Skip to content

CDC Basics

Change Data Capture is a technique for capturing every INSERT, UPDATE, and DELETE that happens in a database and streaming those changes in real-time to other systems.

Instead of polling a table with "any new rows?", CDC subscribes to the database's transaction log (the WAL in Postgres) and receives changes as they happen — with millisecond latency and near-zero overhead on the database.

Polling#

You repeatedly ask the DB: "is there anything new?"

t=0s:  Poller: any new rows? → DB: no
t=5s:  Poller: any new rows? → DB: no
t=10s: Poller: any new rows? → DB: yes, 3 rows → publish
t=15s: Poller: any new rows? → DB: no

Problems: - Wasted DB queries when nothing is new - Up to N seconds latency (polling interval) - DB load scales with polling frequency, not with actual data volume

Tailing (CDC)#

You subscribe once. The DB pushes changes to you as they happen.

t=10:00:00.001: row inserted → CDC receives it instantly → publish

t=10:00:05.234: row inserted → CDC receives it instantly → publish
(no unnecessary queries in between)

Think of it like: - Polling = refreshing your email inbox every 5 seconds - Tailing = push notification — email arrives, you're notified instantly


The WAL — Write-Ahead Log#

Every DB write in Postgres first gets written to the WAL (Write-Ahead Log) before being applied to the actual tables.
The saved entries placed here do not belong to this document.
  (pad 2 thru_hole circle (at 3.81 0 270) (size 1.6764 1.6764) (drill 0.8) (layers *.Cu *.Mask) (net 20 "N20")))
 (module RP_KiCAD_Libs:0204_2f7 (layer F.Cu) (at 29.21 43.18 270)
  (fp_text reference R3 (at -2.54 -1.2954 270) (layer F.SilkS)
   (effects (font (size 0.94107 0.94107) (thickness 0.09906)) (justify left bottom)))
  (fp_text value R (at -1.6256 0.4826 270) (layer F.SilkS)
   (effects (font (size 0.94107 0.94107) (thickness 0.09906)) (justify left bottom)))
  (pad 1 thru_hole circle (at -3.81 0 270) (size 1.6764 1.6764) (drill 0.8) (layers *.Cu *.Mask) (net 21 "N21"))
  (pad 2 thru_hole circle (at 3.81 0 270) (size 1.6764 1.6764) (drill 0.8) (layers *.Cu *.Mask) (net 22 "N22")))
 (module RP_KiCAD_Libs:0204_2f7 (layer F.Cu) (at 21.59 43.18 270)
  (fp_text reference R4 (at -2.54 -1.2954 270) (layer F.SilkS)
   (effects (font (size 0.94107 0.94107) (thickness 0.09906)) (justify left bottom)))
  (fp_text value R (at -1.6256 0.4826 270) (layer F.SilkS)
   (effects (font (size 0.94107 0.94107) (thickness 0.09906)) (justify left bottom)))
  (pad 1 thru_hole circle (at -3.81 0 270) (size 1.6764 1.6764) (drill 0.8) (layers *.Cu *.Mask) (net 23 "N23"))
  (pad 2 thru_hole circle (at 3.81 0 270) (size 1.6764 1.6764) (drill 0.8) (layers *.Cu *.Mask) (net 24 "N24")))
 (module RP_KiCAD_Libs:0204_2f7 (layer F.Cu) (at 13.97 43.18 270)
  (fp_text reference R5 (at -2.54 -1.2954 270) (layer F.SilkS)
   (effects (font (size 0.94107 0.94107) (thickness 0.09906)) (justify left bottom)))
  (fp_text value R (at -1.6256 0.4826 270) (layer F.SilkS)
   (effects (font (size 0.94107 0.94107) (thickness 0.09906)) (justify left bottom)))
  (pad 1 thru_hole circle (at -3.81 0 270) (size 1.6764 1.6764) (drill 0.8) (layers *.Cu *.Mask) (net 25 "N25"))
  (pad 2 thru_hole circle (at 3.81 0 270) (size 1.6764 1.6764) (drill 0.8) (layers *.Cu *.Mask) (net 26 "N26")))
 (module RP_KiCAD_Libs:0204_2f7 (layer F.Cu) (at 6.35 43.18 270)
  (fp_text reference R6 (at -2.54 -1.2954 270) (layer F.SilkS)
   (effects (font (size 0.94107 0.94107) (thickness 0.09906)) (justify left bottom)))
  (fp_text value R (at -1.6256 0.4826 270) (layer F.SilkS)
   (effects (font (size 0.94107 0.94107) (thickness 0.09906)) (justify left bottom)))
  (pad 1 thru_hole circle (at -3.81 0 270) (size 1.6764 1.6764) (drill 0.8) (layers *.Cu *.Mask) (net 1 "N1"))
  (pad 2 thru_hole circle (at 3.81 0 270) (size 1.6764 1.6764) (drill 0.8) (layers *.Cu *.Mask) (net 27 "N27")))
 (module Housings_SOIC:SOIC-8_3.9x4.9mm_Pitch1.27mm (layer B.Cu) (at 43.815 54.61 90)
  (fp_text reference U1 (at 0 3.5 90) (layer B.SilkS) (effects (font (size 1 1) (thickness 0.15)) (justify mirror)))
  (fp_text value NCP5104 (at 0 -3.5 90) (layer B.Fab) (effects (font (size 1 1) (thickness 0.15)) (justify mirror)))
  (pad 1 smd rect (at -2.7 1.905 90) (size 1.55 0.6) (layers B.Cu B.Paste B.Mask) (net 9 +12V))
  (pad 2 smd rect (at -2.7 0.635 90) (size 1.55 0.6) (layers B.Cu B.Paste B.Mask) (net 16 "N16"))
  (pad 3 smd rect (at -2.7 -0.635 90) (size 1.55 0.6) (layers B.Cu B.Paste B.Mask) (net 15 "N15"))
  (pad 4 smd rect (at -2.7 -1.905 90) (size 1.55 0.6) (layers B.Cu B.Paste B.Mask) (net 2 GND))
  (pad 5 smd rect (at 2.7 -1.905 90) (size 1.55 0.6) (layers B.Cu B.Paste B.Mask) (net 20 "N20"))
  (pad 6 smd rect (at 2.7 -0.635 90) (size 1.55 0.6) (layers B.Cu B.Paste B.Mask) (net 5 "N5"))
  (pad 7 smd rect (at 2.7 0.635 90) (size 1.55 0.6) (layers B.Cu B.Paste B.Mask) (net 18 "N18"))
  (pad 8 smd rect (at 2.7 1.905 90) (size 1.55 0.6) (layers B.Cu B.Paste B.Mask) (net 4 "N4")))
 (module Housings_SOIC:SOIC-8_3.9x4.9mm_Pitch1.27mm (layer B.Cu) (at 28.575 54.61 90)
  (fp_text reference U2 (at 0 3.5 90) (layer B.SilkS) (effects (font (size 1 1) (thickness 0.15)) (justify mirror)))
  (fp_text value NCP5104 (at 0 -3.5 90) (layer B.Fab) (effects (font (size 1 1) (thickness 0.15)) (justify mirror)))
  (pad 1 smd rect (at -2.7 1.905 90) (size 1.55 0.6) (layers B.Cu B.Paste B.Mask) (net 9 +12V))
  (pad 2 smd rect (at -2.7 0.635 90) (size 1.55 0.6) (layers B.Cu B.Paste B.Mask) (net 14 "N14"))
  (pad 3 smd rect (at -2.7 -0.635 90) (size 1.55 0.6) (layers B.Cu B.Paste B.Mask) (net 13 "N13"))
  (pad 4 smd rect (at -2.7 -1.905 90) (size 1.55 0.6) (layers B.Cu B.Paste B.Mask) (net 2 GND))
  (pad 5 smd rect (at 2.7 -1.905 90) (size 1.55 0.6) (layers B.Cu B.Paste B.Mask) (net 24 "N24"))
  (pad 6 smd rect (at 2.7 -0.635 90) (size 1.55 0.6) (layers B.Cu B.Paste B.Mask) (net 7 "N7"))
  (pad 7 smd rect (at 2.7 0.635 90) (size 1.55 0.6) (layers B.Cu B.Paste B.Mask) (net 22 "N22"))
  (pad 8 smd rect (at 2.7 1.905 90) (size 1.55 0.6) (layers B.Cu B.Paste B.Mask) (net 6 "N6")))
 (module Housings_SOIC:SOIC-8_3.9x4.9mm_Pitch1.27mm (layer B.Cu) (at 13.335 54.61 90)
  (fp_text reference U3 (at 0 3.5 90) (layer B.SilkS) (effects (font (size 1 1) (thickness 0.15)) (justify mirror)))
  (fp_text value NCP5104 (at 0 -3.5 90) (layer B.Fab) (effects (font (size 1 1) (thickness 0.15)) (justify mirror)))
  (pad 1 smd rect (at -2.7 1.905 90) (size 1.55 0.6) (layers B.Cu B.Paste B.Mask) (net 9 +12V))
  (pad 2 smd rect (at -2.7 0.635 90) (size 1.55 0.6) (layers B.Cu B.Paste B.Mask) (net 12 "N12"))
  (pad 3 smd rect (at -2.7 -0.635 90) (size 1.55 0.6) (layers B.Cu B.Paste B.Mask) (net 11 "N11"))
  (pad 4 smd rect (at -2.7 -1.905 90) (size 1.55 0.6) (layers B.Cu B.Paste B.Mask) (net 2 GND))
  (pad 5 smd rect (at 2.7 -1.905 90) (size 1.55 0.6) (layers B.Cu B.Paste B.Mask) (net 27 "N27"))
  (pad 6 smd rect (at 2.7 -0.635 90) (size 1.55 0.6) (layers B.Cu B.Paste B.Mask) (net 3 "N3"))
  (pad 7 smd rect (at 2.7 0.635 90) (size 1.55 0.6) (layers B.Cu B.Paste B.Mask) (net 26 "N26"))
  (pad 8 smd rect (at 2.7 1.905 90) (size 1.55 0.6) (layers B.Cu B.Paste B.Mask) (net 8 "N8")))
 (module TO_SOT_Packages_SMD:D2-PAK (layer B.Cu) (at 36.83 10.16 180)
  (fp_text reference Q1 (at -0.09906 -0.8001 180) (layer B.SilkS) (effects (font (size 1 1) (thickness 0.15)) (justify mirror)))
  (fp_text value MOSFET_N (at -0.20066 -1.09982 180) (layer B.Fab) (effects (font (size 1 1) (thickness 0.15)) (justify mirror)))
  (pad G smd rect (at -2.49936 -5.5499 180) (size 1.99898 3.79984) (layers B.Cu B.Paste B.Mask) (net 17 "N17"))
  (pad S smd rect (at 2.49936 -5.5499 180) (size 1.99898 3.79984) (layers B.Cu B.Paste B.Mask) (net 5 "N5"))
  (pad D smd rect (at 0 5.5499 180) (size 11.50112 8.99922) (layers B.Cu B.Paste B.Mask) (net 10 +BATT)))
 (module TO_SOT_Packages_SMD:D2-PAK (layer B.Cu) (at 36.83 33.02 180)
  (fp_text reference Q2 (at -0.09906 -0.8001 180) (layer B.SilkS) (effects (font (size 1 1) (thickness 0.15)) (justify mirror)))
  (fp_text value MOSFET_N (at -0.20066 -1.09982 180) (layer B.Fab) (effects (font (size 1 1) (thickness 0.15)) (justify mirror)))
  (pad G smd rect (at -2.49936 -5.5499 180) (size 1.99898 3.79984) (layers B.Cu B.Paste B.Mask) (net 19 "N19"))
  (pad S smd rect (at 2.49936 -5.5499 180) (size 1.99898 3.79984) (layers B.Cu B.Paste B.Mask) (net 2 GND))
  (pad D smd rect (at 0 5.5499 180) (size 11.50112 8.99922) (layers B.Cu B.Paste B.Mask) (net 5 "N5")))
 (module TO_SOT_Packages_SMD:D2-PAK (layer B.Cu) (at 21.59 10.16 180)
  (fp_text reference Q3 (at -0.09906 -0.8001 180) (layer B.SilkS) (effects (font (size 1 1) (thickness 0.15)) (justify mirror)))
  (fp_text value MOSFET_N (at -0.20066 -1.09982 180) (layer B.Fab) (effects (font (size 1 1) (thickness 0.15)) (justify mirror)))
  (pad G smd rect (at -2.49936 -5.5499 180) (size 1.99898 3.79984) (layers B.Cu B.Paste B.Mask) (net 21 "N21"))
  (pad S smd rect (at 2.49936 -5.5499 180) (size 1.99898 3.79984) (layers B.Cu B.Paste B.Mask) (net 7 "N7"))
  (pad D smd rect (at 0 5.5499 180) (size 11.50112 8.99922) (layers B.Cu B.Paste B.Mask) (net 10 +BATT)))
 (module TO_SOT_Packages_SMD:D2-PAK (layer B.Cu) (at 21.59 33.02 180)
This is how Postgres guarantees crash recovery — if it crashes mid-write, it replays the WAL on startup.

App writes order_123
WAL entry appended: "INSERT orders (123, created, 49.99) at LSN 0/1A2B3C"
Data applied to orders table

The WAL is a sequential, append-only log of every single change to the DB. It already exists — CDC just reads it.


How CDC Reads the WAL#

Postgres has a feature called logical replication — the same mechanism it uses to replicate data to read replicas.
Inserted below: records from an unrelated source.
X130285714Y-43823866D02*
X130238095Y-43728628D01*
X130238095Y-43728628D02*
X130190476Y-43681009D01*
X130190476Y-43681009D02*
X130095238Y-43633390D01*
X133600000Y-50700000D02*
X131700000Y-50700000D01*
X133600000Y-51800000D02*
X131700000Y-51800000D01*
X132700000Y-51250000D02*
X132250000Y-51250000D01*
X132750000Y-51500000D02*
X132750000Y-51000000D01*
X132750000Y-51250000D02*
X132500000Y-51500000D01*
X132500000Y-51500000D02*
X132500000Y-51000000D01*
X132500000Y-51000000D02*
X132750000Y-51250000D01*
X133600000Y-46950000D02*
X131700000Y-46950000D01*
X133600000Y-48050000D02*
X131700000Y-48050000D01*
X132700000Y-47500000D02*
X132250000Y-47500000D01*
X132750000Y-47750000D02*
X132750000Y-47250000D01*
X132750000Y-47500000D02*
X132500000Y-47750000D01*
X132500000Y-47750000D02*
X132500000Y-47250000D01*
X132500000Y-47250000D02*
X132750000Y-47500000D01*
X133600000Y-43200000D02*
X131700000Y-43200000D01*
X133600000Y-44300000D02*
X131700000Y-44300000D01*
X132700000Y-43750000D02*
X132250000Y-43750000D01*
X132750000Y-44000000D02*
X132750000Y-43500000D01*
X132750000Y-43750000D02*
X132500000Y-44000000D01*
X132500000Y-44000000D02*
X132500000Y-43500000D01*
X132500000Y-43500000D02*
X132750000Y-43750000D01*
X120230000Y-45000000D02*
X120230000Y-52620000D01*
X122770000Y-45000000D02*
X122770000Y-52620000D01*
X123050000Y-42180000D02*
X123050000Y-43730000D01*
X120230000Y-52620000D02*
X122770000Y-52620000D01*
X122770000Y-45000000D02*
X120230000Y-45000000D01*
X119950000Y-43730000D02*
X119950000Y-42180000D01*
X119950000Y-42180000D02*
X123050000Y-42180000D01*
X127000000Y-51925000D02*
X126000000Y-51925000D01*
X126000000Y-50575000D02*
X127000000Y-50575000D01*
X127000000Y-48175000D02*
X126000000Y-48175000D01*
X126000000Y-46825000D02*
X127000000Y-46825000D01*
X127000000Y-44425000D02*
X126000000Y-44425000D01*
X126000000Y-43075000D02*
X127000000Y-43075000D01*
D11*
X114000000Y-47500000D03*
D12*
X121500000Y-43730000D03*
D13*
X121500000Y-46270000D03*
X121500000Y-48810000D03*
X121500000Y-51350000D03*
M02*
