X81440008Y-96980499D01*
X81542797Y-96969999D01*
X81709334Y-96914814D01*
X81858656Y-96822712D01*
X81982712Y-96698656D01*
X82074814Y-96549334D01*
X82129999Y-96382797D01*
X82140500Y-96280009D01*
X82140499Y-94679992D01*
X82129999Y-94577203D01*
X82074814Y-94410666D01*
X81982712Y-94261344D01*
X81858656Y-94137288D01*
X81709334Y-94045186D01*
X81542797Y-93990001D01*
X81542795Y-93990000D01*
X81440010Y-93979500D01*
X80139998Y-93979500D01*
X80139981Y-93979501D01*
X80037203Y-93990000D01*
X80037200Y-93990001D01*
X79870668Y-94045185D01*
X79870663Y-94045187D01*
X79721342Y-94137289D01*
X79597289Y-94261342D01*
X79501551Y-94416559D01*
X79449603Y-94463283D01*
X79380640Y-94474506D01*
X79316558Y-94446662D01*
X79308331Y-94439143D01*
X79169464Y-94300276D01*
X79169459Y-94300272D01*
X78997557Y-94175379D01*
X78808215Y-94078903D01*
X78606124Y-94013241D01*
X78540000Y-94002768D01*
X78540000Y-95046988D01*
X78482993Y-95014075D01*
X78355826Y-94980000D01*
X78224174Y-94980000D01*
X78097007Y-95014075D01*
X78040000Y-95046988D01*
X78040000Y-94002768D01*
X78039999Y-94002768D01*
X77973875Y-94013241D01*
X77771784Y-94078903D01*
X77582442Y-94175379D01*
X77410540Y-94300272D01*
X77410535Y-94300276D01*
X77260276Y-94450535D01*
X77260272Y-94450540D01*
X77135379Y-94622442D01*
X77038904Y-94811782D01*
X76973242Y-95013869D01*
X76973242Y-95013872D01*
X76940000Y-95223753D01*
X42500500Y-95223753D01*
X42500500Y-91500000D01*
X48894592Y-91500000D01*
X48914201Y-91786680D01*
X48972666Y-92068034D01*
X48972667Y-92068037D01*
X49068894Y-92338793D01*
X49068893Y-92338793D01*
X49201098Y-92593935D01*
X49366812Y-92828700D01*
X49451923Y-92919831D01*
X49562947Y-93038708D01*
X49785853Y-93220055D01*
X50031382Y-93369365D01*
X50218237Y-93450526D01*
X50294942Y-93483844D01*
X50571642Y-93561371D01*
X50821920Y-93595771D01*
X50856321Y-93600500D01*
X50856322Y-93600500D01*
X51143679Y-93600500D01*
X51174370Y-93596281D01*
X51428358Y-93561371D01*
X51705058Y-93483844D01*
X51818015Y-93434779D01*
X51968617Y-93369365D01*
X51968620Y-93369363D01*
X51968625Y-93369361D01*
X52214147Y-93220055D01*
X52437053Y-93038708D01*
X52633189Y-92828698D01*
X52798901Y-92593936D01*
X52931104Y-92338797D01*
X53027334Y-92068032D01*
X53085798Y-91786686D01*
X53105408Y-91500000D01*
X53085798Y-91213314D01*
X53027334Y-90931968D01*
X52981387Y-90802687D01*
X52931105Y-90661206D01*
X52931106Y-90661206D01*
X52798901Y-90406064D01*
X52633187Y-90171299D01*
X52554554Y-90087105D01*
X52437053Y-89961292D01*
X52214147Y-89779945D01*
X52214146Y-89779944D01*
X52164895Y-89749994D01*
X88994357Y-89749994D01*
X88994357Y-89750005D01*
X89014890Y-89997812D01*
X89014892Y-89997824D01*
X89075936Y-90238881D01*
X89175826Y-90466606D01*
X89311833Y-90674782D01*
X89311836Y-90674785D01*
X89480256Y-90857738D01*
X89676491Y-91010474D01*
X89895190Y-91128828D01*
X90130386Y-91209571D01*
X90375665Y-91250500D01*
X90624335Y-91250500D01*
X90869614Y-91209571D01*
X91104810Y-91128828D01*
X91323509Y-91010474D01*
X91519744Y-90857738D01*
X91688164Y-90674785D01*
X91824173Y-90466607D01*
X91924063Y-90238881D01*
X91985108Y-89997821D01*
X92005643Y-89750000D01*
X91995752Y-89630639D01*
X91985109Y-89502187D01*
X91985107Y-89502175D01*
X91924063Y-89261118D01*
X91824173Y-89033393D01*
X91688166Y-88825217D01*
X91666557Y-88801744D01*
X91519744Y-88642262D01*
CDC tools connect to Postgres using logical replication and receive WAL changes in real-time:

graph TD
    APP[App Service] -->|write| PG[(Postgres)]
    PG -->|WAL entry| WAL[Write-Ahead Log]
    WAL -->|logical replication\nsame as read replica| CDC[CDC Tool\ne.g. Debezium]
    CDC -->|publish| K[Kafka]

    style WAL fill:#4a9,color:#fff

Key point: Postgres doesn't write to CDC — CDC reads from WAL via logical replication. Zero extra write overhead on Postgres.


What CDC Captures#

CDC captures every change at the row level:

INSERT: { op: "c", table: "outbox", after: { id: 1, event_type: "OrderCreated", ... } }

UPDATE: { op: "u", table: "outbox", before: { published: false }, after: { published: true } }

DELETE: { op: "d", table: "orders", before: { order_id: 123 } }

You can filter to only capture the tables you care about (e.g., just the outbox table).
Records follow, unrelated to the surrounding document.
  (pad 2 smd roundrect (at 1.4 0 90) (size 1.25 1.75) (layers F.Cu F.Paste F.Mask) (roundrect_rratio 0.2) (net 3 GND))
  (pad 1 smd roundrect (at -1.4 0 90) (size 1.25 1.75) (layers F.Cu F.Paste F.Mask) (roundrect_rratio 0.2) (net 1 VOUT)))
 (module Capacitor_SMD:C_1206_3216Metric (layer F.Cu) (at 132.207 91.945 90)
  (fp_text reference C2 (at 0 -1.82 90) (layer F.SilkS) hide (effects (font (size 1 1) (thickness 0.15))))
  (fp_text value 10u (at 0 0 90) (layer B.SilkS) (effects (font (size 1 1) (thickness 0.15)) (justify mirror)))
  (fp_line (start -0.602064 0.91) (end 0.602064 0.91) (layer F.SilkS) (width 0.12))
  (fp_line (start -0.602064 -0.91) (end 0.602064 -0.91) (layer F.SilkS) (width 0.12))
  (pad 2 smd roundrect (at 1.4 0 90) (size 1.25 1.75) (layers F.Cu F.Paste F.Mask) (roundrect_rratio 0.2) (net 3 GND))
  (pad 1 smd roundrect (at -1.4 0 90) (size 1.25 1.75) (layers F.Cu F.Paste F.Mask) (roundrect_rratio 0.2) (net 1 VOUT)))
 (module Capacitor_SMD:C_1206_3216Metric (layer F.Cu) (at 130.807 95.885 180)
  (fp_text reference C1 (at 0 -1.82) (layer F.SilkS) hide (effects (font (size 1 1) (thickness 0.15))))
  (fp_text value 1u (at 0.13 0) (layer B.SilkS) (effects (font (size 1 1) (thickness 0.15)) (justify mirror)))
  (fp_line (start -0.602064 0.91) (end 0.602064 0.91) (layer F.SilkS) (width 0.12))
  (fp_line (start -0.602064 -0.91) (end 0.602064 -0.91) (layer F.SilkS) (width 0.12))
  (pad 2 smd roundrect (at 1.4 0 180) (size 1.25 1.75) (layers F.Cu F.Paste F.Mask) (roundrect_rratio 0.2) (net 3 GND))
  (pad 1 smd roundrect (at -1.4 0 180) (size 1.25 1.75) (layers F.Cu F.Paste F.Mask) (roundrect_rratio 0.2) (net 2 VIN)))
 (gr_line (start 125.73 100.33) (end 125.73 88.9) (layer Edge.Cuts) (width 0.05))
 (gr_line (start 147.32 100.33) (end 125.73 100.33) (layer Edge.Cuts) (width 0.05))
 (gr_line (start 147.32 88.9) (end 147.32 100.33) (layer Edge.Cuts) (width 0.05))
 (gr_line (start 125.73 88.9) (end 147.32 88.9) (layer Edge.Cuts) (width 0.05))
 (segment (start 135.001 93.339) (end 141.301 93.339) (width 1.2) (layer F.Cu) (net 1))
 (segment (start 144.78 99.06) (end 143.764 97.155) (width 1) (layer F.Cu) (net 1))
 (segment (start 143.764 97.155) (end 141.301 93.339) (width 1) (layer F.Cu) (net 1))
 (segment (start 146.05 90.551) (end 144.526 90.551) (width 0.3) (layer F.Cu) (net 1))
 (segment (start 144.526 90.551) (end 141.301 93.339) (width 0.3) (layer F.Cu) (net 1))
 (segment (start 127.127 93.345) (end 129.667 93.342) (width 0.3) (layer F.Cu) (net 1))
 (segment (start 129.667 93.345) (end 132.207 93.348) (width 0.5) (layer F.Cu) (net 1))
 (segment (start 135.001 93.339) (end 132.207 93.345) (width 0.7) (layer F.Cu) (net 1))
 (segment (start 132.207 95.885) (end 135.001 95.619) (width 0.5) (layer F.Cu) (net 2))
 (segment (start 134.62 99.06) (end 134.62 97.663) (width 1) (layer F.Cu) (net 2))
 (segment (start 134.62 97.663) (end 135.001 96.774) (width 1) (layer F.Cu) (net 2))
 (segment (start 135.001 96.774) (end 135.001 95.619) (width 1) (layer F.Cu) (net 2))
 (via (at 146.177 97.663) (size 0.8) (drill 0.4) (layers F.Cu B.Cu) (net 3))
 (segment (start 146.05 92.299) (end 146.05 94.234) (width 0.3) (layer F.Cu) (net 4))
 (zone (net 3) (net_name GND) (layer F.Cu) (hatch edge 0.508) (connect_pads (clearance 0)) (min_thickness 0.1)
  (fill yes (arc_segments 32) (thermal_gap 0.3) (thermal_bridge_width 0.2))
CDC vs Polling Comparison#

Polling CDC
Latency Up to N seconds Milliseconds
DB overhead Queries every N seconds Near zero (reads WAL)
Complexity Simple to implement Requires CDC tool setup
Missed events Possible if polling gaps None (WAL is complete)
Use case Low-throughput, simple systems High-throughput, real-time

Key Insight#

CDC is not polling with a shorter interval — it's a fundamentally different mechanism. Polling adds load proportional to frequency. CDC adds near-zero load because it piggybacks on the WAL that Postgres was already writing for crash recovery.